Но удивительно тут не послушание Марии. Она же и не спорила, только удивлялась, как это возможно – ребенок без мужа, и Ангел объяснил. Удивительно тут противоположное. Тогда только Ангел отошёл от неё, когда убедился, что она – согласна. Только тогда!
Мог бы Ангел возвестить Благую Весть и уйти? Ведь Бог наверняка знал, что она согласится, знал, какова она. Нет, видать, не мог сразу уйти Ангел. Нужно было выслушать её согласие.
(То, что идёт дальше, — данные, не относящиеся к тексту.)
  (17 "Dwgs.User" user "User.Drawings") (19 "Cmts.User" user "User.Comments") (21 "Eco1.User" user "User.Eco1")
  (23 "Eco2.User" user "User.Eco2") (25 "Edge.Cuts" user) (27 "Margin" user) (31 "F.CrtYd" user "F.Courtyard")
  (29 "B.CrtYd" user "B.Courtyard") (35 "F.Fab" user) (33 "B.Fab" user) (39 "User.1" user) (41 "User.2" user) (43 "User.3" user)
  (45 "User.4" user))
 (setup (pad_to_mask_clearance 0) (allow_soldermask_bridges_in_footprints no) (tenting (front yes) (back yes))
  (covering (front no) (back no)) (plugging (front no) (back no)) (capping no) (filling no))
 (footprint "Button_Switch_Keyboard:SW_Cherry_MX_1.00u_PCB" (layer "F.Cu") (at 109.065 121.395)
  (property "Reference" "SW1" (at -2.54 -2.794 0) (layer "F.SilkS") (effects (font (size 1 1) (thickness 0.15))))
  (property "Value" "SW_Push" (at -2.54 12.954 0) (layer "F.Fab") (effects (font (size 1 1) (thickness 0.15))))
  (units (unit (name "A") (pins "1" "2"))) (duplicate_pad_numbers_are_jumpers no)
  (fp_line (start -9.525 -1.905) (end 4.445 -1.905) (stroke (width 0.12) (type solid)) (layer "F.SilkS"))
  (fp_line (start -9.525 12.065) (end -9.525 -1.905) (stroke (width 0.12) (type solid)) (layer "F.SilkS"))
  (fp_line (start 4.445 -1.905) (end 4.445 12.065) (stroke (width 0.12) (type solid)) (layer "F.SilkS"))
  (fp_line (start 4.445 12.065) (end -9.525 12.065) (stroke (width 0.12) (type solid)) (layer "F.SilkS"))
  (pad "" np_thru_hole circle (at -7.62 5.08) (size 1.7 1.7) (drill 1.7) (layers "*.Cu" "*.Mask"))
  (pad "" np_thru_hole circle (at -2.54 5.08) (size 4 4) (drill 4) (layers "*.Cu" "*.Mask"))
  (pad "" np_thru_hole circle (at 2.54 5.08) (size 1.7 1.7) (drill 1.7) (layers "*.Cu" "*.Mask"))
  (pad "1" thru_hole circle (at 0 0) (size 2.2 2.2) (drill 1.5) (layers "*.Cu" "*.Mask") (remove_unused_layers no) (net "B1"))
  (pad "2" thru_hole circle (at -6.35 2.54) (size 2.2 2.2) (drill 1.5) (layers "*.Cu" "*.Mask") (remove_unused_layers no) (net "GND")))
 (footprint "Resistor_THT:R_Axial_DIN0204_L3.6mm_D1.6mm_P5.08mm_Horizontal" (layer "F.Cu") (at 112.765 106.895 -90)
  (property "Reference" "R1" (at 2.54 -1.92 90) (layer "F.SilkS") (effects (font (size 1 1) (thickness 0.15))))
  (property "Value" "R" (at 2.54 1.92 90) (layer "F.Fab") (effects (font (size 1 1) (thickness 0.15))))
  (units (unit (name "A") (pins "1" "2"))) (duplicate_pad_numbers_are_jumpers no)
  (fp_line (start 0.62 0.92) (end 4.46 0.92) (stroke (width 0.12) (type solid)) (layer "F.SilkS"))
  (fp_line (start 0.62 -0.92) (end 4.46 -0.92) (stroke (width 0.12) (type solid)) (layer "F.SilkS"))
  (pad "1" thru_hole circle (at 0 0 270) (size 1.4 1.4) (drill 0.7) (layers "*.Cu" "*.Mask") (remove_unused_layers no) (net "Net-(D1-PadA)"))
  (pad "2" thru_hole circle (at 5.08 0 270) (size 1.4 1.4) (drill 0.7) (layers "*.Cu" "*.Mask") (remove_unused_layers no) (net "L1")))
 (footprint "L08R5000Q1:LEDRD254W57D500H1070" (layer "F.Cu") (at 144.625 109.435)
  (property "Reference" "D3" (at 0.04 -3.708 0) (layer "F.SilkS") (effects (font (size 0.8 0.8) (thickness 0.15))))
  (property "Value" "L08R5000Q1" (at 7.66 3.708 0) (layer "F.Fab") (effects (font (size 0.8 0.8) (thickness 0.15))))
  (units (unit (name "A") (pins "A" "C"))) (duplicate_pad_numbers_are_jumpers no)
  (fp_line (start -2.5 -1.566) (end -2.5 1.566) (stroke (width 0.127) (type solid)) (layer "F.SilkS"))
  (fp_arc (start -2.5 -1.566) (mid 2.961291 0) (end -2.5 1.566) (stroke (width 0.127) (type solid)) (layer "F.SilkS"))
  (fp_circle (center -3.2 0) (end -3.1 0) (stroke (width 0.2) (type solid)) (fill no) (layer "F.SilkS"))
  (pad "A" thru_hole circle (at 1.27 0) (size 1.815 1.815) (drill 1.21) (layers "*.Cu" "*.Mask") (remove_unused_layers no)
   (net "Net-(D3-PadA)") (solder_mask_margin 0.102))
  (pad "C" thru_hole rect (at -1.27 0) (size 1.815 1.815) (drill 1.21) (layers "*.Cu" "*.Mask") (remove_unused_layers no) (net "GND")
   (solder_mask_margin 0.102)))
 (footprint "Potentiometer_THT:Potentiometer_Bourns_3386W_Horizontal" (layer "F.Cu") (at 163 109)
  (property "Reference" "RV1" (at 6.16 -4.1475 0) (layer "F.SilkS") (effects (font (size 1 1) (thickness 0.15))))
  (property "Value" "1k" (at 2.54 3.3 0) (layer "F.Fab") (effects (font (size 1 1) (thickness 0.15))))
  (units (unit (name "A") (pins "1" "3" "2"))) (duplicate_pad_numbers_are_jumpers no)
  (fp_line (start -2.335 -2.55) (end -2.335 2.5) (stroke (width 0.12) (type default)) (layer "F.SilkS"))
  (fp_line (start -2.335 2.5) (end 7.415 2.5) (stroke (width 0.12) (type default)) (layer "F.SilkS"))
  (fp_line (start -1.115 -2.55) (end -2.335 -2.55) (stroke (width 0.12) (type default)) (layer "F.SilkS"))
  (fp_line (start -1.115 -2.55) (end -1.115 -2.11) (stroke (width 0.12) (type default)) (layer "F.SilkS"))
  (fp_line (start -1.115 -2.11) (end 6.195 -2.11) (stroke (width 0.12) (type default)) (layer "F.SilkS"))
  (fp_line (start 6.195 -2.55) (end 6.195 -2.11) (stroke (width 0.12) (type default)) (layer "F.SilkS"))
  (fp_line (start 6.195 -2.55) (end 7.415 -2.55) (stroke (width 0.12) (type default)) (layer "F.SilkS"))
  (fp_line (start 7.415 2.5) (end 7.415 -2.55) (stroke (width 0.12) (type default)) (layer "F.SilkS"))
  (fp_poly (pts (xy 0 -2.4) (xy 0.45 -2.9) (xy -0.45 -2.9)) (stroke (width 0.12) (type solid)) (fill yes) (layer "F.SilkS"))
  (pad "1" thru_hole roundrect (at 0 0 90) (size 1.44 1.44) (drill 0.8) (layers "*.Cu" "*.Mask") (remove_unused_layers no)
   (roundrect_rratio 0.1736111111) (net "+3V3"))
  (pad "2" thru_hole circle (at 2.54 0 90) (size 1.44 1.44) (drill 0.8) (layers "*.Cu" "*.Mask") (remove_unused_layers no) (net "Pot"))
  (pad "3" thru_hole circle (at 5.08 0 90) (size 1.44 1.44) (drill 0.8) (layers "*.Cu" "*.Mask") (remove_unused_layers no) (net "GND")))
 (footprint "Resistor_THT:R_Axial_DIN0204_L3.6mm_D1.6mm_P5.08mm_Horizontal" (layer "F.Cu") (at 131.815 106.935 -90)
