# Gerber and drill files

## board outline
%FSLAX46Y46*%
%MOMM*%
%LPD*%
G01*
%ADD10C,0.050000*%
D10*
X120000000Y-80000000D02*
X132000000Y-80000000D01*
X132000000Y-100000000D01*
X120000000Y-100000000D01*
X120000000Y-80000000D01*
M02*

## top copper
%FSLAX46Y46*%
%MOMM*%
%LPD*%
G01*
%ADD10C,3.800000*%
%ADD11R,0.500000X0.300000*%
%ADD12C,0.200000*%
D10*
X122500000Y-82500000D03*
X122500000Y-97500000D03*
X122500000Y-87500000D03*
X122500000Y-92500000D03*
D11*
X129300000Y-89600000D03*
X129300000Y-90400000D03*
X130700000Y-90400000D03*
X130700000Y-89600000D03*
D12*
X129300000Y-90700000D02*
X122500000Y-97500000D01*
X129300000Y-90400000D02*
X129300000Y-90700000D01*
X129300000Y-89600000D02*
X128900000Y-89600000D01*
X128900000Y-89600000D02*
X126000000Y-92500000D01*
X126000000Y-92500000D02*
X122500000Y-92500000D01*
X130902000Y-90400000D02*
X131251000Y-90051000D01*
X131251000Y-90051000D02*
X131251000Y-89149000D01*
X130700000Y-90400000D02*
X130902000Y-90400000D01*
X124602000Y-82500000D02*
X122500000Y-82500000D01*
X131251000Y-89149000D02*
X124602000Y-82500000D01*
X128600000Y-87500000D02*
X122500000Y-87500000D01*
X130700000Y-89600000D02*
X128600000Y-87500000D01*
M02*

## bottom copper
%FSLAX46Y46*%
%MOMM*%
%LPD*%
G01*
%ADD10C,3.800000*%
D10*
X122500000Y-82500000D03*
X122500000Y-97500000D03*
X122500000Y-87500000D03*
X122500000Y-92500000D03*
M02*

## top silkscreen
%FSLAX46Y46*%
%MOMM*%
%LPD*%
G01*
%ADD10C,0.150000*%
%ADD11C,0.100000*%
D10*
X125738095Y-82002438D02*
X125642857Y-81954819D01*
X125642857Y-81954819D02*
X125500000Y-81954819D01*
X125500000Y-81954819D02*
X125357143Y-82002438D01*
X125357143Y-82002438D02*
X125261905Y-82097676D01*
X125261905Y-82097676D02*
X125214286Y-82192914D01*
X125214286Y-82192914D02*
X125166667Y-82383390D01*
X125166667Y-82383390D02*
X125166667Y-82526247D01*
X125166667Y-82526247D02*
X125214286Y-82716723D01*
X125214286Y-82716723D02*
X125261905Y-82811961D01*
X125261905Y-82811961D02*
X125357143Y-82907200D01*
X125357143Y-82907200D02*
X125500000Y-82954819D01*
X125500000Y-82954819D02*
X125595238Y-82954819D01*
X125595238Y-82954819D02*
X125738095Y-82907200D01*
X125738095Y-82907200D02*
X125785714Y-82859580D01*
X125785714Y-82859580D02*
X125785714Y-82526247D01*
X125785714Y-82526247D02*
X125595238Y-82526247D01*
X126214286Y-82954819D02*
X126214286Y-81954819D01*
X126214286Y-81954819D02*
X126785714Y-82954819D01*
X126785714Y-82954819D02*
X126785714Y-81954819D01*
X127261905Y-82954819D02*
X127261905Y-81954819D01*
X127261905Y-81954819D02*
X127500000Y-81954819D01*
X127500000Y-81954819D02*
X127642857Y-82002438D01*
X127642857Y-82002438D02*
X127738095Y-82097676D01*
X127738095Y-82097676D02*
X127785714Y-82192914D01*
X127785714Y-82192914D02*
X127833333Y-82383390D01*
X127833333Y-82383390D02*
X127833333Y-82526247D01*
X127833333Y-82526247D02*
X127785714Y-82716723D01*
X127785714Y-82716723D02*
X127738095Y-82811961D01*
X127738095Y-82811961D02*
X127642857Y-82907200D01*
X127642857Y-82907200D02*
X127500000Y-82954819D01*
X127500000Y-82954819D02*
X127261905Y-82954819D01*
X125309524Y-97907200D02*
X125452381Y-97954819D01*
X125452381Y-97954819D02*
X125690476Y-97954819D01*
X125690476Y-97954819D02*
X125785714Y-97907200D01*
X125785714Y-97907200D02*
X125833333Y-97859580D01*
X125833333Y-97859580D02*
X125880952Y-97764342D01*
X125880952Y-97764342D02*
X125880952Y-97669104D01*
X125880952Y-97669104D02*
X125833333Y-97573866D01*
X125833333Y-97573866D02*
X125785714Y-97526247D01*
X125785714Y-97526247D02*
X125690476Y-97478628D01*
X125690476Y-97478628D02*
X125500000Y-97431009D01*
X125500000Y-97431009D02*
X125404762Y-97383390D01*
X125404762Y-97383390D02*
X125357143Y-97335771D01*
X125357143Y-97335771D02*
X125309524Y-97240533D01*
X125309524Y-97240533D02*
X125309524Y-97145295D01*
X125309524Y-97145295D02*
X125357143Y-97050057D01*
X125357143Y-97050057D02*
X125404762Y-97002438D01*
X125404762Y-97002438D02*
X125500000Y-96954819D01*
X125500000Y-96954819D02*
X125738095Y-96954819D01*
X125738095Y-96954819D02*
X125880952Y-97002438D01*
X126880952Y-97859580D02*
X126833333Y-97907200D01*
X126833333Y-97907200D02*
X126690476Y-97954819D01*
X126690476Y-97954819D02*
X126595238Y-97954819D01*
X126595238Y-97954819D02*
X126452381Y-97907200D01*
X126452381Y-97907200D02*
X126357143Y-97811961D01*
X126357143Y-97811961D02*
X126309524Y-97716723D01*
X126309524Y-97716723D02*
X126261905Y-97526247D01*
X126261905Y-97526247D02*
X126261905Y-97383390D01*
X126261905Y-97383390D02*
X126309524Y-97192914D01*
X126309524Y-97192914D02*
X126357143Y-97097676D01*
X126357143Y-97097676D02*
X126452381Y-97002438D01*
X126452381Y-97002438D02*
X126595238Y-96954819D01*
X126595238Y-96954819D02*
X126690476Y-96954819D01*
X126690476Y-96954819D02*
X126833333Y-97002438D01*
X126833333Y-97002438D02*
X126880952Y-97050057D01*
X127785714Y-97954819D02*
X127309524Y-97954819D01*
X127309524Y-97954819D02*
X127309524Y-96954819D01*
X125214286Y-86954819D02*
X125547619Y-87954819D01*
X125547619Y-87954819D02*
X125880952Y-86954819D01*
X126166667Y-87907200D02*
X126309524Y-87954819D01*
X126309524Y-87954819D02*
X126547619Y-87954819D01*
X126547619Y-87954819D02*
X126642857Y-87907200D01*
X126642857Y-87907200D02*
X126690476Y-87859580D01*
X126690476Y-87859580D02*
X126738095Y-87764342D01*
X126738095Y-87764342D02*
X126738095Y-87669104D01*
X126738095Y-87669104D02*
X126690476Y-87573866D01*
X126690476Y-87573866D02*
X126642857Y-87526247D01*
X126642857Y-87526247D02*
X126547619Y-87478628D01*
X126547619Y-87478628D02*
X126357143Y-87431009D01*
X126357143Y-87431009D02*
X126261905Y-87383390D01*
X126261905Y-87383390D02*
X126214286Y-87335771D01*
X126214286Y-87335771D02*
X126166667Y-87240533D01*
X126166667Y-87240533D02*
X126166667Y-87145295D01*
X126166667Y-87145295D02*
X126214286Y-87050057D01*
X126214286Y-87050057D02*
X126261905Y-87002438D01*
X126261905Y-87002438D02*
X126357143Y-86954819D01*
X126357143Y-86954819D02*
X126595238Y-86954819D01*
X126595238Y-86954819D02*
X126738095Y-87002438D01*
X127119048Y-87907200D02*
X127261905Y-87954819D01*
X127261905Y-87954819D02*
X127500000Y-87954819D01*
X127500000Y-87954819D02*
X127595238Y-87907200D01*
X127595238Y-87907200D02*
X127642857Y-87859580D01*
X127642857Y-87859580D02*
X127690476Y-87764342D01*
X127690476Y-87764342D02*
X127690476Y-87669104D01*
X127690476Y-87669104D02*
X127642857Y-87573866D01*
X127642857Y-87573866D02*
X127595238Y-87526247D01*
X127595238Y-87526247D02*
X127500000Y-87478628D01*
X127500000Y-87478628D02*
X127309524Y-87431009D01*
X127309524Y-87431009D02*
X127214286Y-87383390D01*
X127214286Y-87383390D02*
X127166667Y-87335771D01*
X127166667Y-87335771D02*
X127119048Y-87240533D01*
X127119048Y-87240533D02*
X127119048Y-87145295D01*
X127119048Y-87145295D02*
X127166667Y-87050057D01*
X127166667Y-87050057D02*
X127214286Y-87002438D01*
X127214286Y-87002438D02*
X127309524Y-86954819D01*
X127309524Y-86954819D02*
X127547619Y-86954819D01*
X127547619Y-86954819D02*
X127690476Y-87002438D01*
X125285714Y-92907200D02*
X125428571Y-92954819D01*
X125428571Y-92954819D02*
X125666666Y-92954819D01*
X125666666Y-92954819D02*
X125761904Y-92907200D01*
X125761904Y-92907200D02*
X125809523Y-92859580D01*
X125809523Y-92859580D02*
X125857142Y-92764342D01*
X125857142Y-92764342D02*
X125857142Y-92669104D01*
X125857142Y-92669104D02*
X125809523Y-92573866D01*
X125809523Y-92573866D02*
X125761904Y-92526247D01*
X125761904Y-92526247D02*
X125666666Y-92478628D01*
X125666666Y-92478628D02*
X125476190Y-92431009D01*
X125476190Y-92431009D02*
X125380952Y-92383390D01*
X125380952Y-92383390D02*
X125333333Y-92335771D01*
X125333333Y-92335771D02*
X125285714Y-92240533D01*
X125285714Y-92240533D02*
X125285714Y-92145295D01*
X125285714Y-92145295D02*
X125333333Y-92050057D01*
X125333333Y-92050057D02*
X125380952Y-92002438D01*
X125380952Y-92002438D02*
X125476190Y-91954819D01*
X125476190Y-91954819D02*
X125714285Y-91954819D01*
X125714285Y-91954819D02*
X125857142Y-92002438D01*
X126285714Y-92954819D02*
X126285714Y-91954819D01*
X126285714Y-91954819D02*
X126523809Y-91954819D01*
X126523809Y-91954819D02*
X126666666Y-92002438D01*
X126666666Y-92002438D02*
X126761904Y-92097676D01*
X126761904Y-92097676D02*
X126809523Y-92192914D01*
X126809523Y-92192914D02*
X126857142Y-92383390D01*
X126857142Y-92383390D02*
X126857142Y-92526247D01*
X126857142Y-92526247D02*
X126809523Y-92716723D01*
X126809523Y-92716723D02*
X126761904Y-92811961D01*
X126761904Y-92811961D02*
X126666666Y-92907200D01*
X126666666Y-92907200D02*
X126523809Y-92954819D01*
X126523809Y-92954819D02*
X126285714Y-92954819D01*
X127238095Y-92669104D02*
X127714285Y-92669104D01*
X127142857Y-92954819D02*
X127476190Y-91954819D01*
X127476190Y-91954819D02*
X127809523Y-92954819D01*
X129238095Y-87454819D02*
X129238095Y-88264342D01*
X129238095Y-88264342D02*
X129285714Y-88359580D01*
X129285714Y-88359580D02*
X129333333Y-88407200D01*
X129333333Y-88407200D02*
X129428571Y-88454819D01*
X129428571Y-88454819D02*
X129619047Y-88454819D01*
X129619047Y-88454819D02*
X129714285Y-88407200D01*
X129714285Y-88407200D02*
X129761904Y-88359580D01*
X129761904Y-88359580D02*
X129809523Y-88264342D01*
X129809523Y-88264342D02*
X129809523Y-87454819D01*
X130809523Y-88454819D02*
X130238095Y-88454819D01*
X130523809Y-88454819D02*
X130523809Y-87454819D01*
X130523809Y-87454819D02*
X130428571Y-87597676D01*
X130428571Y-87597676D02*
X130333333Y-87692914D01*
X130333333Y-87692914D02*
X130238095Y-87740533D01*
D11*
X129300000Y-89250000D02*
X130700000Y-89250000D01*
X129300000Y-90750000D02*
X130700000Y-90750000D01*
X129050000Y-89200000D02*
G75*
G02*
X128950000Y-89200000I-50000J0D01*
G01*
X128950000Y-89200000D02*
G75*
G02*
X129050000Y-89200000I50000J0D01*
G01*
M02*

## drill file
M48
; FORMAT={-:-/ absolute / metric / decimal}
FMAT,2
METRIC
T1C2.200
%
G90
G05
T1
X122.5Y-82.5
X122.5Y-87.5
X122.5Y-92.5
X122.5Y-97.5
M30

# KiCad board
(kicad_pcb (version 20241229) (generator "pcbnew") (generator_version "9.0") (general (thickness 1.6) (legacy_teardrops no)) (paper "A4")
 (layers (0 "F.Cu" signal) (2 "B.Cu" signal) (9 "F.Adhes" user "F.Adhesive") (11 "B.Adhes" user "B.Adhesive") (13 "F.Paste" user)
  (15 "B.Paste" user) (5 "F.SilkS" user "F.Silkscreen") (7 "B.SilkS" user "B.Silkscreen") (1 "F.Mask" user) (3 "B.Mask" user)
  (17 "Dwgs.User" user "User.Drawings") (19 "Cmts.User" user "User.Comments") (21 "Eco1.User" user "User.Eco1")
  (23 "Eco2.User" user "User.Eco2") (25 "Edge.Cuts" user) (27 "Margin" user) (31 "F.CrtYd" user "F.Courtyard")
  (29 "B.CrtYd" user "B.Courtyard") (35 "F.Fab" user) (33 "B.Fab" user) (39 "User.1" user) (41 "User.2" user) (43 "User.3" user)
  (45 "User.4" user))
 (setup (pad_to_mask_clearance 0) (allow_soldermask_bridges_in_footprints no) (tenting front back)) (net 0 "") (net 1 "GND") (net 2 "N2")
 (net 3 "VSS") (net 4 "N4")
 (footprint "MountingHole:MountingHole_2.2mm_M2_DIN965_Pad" (layer "F.Cu") (at 122.5 82.5)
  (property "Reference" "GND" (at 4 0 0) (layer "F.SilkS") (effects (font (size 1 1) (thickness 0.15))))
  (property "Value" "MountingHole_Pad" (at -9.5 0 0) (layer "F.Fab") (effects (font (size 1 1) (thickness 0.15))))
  (pad "1" thru_hole circle (at 0 0) (size 3.8 3.8) (drill 2.2) (layers "*.Cu" "*.Mask") (remove_unused_layers no) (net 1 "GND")
   (zone_connect 2)))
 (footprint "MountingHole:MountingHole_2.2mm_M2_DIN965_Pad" (layer "F.Cu") (at 122.5 97.5)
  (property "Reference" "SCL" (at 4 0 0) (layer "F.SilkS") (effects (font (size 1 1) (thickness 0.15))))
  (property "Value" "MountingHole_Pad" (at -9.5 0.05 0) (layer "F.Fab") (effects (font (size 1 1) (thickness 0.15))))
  (pad "1" thru_hole circle (at 0 0) (size 3.8 3.8) (drill 2.2) (layers "*.Cu" "*.Mask") (remove_unused_layers no) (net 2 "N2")
   (zone_connect 2)))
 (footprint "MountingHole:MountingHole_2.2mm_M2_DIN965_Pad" (layer "F.Cu") (at 122.5 87.5)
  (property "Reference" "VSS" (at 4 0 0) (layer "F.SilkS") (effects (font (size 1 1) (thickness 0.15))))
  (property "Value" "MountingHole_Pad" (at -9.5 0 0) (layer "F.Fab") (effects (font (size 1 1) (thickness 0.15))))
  (pad "1" thru_hole circle (at 0 0) (size 3.8 3.8) (drill 2.2) (layers "*.Cu" "*.Mask") (remove_unused_layers no) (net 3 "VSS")
   (zone_connect 2)))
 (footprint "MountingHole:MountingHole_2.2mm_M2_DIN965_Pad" (layer "F.Cu") (at 122.5 92.5)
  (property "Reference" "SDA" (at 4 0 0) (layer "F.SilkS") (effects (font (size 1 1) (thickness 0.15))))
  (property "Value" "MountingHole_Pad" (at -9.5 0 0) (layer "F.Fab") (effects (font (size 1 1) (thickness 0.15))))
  (pad "1" thru_hole circle (at 0 0) (size 3.8 3.8) (drill 2.2) (layers "*.Cu" "*.Mask") (remove_unused_layers no) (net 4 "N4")
   (zone_connect 2)))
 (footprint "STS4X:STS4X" (layer "F.Cu") (at 130 90)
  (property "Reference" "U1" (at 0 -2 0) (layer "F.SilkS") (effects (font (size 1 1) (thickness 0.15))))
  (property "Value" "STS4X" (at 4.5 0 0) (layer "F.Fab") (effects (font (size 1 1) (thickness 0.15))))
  (fp_line (start -0.7 -0.75) (end 0.7 -0.75) (stroke (width 0.1) (type solid)) (layer "F.SilkS"))
  (fp_line (start -0.7 0.75) (end 0.7 0.75) (stroke (width 0.1) (type solid)) (layer "F.SilkS"))
  (fp_circle (center -1 -0.8) (end -0.95 -0.8) (stroke (width 0.1) (type solid)) (fill no) (layer "F.SilkS"))
  (pad "1" smd rect (at -0.7 -0.4) (size 0.5 0.3) (layers "F.Cu" "F.Mask" "F.Paste") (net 4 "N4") (solder_mask_margin 0.102))
  (pad "2" smd rect (at -0.7 0.4) (size 0.5 0.3) (layers "F.Cu" "F.Mask" "F.Paste") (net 2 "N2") (solder_mask_margin 0.102))
  (pad "3" smd rect (at 0.7 0.4) (size 0.5 0.3) (layers "F.Cu" "F.Mask" "F.Paste") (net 1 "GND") (solder_mask_margin 0.102))
  (pad "4" smd rect (at 0.7 -0.4) (size 0.5 0.3) (layers "F.Cu" "F.Mask" "F.Paste") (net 3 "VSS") (solder_mask_margin 0.102)))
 (gr_rect (start 120 80) (end 132 100) (stroke (width 0.05) (type default)) (fill no) (layer "Edge.Cuts"))
 (segment (start 129.3 90.7) (end 122.5 97.5) (width 0.2) (layer "F.Cu") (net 2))
 (segment (start 129.3 90.4) (end 129.3 90.7) (width 0.2) (layer "F.Cu") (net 2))
 (segment (start 129.3 89.6) (end 128.9 89.6) (width 0.2) (layer "F.Cu") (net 4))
Верно отец Аврил вспомнил про змия. И тогда и теперь произошло то, что пришлось выбирать. Тогда Ева своей свободной волей выбрала непослушание, и Бог не удерживал её. Теперь Мария выбрала послушание, и Бог полагался на неё, но не заставлял её. У неё тоже была свободная воля, и она могла испугаться такой судьбы, и отказаться, и наше счастье, что дух её был покорен воле Бога, но твёрд пред испытаниями. Откажись она – как бы всё повернулось?
Но, подумала я, лучше всего того не говорить, ибо отец Аврил про свободную волю не вспоминал, а упирал на послушание. Ой, про что это он?..
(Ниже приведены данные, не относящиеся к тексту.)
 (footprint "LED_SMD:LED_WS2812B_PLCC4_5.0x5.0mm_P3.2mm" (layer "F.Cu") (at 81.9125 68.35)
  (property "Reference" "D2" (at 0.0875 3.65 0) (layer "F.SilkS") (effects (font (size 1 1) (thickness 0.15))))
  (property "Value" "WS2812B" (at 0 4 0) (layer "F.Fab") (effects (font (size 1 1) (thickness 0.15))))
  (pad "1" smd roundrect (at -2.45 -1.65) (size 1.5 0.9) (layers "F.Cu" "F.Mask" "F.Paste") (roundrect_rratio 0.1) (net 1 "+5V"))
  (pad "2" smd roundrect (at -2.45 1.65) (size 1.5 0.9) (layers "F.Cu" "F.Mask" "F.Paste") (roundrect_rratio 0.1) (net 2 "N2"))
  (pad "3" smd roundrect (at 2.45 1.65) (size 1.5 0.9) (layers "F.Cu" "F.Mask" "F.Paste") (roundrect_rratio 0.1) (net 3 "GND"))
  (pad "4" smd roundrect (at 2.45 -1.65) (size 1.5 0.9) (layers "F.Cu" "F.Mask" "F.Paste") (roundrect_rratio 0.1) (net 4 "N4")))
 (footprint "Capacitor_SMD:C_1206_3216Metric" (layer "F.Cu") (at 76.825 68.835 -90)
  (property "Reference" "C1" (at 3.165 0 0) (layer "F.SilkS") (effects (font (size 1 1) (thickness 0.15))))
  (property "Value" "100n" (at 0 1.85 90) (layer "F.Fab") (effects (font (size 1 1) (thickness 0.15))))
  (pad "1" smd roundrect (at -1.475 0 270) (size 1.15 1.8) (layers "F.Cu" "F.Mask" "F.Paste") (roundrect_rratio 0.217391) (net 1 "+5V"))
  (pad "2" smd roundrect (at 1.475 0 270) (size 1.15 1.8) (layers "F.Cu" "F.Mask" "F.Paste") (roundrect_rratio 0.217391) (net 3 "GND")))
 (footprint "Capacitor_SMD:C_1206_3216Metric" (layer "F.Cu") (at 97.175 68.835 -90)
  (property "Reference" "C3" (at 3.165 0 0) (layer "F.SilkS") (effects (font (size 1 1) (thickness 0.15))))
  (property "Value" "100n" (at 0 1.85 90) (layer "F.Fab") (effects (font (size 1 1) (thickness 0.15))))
–…а если ты думаешь, что обычай какой-то деревни дураков пересилит папскую канцелярию, то ты ошибаешься! – закончил свою проповедь отец Аврил.
Вона как!
А я-то, старая, на своем письме тоже этот год написала, а не прошлый, как он хочет. Заметила, как и ты, и хотела было тоже зачеркнуть, но подумала, не всё ли равно, это ж не ему письмо, а тебе. А всё же решила написать как он хочет, чтобы тебе легче про то вспомнить.
Ещё про отца Шпренгера, коий твою подругу Марсию к дракону отправил, написать. Что ты сравнила его с плачущей поливальной машиной, вызвало смех отца Аврила. Но, перестав смеяться, он сделал сердитое лицо и осудил. Да ещё от слова «прыгать» его имя произвела. Если, говорит, он это отцу Шпренгеру передаст, то не миновать тебе с ним свидания. Так что отец Аврил советует тебе его, отца Аврила, не сердить больше.
28Б. Отец А'Врилл – Августине
Раба Божия Августина!
Зря ты не написала про настроения девушек, с какими вместе живешь. И как ты на них влияешь. Рука не отвалится написать. И всего побольше, что заметишь. Не заставляй повторять!